The embassy’s public library (Information Resource Center) was essentially closed to the general public, both because advance clearance through the RSO was required for access and because the space itself had been requisitioned as the embassy’s training classroom. The public affairs section’s multipurpose room had likewise been taken over by temporary security staff. Since even routine access for outside visitors required 24-hour advance notice, I often met contacts at cafés just beyond the barbed-wire barriers.
Barbed wire atop and alongside high blank walls, running parallel to one of the country’s main highways, gave the embassy compound the look of a federal penitentiary. Once, I suggested to the construction folks that we use cactus (a traditional Tunisian security barrier) in place of the concertina wire, and add colorful “Info-USA” panels on the side of the perimeter wall facing the highway. The cactus, I was told, would be too expensive. (Compared to the overall cost of maintaining that huge compound on top of a reclaimed swamp?) The murals? Maybe, someday. (If anyone from the Bureau of Overseas Buildings Operations is reading this, please consider!)
Before I left for home in July 2013, I managed to hold one successful representational event—at a hotel. Shortly after that, at the embassy’s Fourth of July reception, I heard the ambassador assure a small and tightly controlled assembly that the United States would “never be chased from Tunisia” and that we were “there to stay.” I hope he’s right about that, but the temporary closure of 19 U.S. embassies and consulates worldwide the next month in response to various security concerns was not encouraging.
The net effect of this security-first posture was to reduce the U.S. government’s presence and operational effectiveness in Tunisia at a crucial time.
When we decide to put diplomats and other civilian workers into a country, we need to ensure they have the tools they need to accomplish the tasks set for them. And because risk can never be eliminated, it must be managed.
Somehow few challenge the risks we face from tropical disease or endemic crime, only from politically motivated violence. For that, host governments have the primary responsibility to protect our official facilities under the 1961 Vienna Convention on Diplomatic Relations and the parallel 1963 Convention on Consular Relations. As politicians and pundits club each other with talk of “sending in the Marines” (or the 101st Airborne), let’s admit that it is almost never practical or desirable to apply purely military solutions to diplomatic security issues.
We need to maintain good “force protection,” of course, and we need to minimize mistakes, but we also need to get out of our offices to do our jobs.
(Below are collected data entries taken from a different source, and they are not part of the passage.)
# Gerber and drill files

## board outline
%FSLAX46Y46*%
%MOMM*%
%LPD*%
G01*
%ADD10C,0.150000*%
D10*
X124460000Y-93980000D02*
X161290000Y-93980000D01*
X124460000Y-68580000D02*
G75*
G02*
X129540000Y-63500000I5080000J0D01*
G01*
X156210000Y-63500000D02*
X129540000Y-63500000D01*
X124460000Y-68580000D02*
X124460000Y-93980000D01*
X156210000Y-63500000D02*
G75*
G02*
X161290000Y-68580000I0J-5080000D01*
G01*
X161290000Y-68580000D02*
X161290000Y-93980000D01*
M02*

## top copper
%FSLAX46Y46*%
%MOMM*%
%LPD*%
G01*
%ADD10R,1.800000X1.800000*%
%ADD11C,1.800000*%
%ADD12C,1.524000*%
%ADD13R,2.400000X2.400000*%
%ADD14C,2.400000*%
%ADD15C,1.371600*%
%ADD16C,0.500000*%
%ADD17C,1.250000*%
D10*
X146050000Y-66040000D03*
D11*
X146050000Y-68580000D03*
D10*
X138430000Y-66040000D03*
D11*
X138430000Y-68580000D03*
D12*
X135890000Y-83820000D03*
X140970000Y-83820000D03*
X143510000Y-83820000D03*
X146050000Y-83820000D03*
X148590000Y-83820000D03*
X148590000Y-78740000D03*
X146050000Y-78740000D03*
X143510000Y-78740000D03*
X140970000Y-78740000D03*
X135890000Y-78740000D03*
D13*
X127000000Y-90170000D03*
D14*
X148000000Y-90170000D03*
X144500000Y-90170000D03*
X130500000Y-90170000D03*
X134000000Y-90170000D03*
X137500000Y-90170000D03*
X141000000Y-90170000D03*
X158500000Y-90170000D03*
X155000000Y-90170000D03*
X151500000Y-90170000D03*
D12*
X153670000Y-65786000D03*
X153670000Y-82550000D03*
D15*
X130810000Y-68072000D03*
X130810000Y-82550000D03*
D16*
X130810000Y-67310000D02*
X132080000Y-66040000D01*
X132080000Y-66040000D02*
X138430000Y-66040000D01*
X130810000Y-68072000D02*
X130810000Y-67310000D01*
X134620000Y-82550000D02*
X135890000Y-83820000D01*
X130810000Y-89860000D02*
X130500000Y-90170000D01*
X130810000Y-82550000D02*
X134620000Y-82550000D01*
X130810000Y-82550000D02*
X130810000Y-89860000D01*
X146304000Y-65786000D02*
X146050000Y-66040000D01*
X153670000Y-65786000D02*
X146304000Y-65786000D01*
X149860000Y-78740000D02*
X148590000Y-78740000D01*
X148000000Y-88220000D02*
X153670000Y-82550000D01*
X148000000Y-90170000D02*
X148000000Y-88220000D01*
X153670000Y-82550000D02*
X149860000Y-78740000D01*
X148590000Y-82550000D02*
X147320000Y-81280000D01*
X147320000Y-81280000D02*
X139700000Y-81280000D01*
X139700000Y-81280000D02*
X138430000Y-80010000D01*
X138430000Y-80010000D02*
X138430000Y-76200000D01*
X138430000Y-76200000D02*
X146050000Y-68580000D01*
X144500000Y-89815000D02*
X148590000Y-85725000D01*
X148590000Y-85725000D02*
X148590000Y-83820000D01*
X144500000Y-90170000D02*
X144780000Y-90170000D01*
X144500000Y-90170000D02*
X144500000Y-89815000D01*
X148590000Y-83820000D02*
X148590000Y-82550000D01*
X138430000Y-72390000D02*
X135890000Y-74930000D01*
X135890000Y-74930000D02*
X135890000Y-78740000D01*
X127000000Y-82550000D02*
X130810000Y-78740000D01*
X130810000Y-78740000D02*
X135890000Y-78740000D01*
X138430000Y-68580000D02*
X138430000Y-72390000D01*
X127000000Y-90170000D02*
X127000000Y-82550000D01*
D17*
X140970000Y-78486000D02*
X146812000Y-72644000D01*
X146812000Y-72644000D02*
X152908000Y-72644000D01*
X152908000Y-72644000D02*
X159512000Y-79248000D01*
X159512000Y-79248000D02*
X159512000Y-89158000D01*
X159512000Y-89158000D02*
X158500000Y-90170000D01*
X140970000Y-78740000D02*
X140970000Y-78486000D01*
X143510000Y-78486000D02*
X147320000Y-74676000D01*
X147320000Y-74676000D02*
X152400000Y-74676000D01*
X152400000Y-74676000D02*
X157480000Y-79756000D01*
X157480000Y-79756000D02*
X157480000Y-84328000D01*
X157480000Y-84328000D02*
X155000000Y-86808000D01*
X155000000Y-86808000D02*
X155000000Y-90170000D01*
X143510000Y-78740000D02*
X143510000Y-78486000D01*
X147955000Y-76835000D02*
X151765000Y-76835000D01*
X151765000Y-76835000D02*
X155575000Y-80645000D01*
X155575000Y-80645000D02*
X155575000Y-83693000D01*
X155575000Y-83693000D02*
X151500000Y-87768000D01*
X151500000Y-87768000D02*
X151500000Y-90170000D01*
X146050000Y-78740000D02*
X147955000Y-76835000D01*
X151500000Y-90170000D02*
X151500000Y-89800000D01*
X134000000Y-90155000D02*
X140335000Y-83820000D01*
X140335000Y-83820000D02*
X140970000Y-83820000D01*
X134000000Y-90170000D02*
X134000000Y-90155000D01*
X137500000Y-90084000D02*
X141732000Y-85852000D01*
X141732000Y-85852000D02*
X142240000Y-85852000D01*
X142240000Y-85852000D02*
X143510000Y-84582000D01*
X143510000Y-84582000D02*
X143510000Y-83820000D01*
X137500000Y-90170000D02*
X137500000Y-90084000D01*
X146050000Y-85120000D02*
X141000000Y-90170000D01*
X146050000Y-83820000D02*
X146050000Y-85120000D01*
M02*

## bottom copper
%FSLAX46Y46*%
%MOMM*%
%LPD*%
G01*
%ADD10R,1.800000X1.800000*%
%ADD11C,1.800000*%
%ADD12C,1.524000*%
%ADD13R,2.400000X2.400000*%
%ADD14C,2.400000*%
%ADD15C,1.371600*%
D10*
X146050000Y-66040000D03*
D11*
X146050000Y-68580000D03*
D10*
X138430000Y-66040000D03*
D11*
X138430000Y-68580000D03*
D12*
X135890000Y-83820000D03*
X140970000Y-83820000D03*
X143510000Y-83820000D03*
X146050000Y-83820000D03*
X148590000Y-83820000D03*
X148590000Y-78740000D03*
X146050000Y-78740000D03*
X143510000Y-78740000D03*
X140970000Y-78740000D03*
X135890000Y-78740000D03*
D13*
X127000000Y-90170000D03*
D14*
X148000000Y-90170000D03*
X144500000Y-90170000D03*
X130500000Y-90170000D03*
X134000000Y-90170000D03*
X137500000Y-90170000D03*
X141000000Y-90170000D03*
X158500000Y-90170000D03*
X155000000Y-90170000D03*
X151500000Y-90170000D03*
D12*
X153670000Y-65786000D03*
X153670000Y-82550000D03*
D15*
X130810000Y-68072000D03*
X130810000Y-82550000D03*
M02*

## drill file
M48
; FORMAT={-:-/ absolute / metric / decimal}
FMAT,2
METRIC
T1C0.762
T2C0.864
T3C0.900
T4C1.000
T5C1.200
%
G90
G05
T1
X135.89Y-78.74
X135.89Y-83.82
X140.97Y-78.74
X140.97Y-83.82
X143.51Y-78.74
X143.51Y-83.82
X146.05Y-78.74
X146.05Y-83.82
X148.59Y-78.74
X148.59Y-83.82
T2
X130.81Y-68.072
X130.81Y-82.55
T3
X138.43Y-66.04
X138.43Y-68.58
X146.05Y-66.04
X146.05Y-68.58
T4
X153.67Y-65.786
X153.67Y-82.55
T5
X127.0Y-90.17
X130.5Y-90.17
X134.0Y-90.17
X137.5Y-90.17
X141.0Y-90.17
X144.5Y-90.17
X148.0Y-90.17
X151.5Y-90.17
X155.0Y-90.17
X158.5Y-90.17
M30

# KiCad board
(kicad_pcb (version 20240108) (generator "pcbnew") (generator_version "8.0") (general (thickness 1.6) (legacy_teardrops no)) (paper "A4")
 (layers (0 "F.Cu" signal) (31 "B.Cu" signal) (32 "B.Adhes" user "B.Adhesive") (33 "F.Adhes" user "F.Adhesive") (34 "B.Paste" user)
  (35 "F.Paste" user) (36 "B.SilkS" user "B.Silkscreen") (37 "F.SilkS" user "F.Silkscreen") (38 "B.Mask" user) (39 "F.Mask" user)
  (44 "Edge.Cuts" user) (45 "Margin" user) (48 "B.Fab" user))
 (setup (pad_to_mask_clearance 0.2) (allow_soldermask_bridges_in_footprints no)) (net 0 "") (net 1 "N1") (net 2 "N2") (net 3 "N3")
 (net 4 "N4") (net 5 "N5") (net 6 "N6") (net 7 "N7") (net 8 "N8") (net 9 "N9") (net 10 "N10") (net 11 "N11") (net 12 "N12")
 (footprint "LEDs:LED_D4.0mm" (layer "F.Cu") (at 146.05 66.04 -90)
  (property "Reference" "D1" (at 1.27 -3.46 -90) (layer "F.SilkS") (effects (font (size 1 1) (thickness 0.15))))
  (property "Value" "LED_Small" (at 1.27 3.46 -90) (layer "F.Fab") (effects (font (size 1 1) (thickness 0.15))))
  (pad "1" thru_hole rect (at 0 0 270) (size 1.8 1.8) (drill 0.9) (layers "*.Cu" "*.Mask") (remove_unused_layers no) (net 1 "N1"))
  (pad "2" thru_hole circle (at 2.54 0 270) (size 1.8 1.8) (drill 0.9) (layers "*.Cu" "*.Mask") (remove_unused_layers no) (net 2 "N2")))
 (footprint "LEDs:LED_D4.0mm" (layer "F.Cu") (at 138.43 66.04 -90)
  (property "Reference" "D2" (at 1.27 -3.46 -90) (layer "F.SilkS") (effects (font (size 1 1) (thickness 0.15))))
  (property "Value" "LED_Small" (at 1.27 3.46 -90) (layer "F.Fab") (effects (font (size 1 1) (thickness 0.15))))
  (pad "1" thru_hole rect (at 0 0 270) (size 1.8 1.8) (drill 0.9) (layers "*.Cu" "*.Mask") (remove_unused_layers no) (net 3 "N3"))
  (pad "2" thru_hole circle (at 2.54 0 270) (size 1.8 1.8) (drill 0.9) (layers "*.Cu" "*.Mask") (remove_unused_layers no) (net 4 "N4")))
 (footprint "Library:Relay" (layer "F.Cu") (at 135.89 83.82)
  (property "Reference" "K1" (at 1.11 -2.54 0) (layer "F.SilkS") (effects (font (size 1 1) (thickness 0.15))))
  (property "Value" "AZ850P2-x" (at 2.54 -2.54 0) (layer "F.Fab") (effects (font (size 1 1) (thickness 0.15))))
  (pad "1" thru_hole circle (at 0 0) (size 1.524 1.524) (drill 0.762) (layers "*.Cu" "*.Mask") (remove_unused_layers no) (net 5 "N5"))
  (pad "3" thru_hole circle (at 5.08 0) (size 1.524 1.524) (drill 0.762) (layers "*.Cu" "*.Mask") (remove_unused_layers no) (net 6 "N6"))
  (pad "4" thru_hole circle (at 7.62 0) (size 1.524 1.524) (drill 0.762) (layers "*.Cu" "*.Mask") (remove_unused_layers no) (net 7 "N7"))
  (pad "5" thru_hole circle (at 10.16 0) (size 1.524 1.524) (drill 0.762) (layers "*.Cu" "*.Mask") (remove_unused_layers no) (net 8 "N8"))
  (pad "6" thru_hole circle (at 12.7 0) (size 1.524 1.524) (drill 0.762) (layers "*.Cu" "*.Mask") (remove_unused_layers no) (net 2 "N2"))
  (pad "7" thru_hole circle (at 12.7 -5.08) (size 1.524 1.524) (drill 0.762) (layers "*.Cu" "*.Mask") (remove_unused_layers no) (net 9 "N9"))
  (pad "8" thru_hole circle (at 10.16 -5.08) (size 1.524 1.524) (drill 0.762) (layers "*.Cu" "*.Mask") (remove_unused_layers no)
   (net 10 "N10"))
  (pad "9" thru_hole circle (at 7.62 -5.08) (size 1.524 1.524) (drill 0.762) (layers "*.Cu" "*.Mask") (remove_unused_layers no)
   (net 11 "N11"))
That means tolerating a certain level of risk. As the recent knife attack on Mark Lippert, our ambassador in Seoul, demonstrates, we can never completely take the danger out of diplomacy. What we can do is take a critical look at security’s increasing share of our limited resources, and ensure that we get real value for the risks we do take.
If, as I have read, our overall budget for security is now four times our budget for public diplomacy, let’s reexamine our goals. Just “staying safe” cannot be primary. Let’s transmit to our next generation of diplomats those virtues and values Amb. Stevens gave his life for—and achieve real benefits for the nation.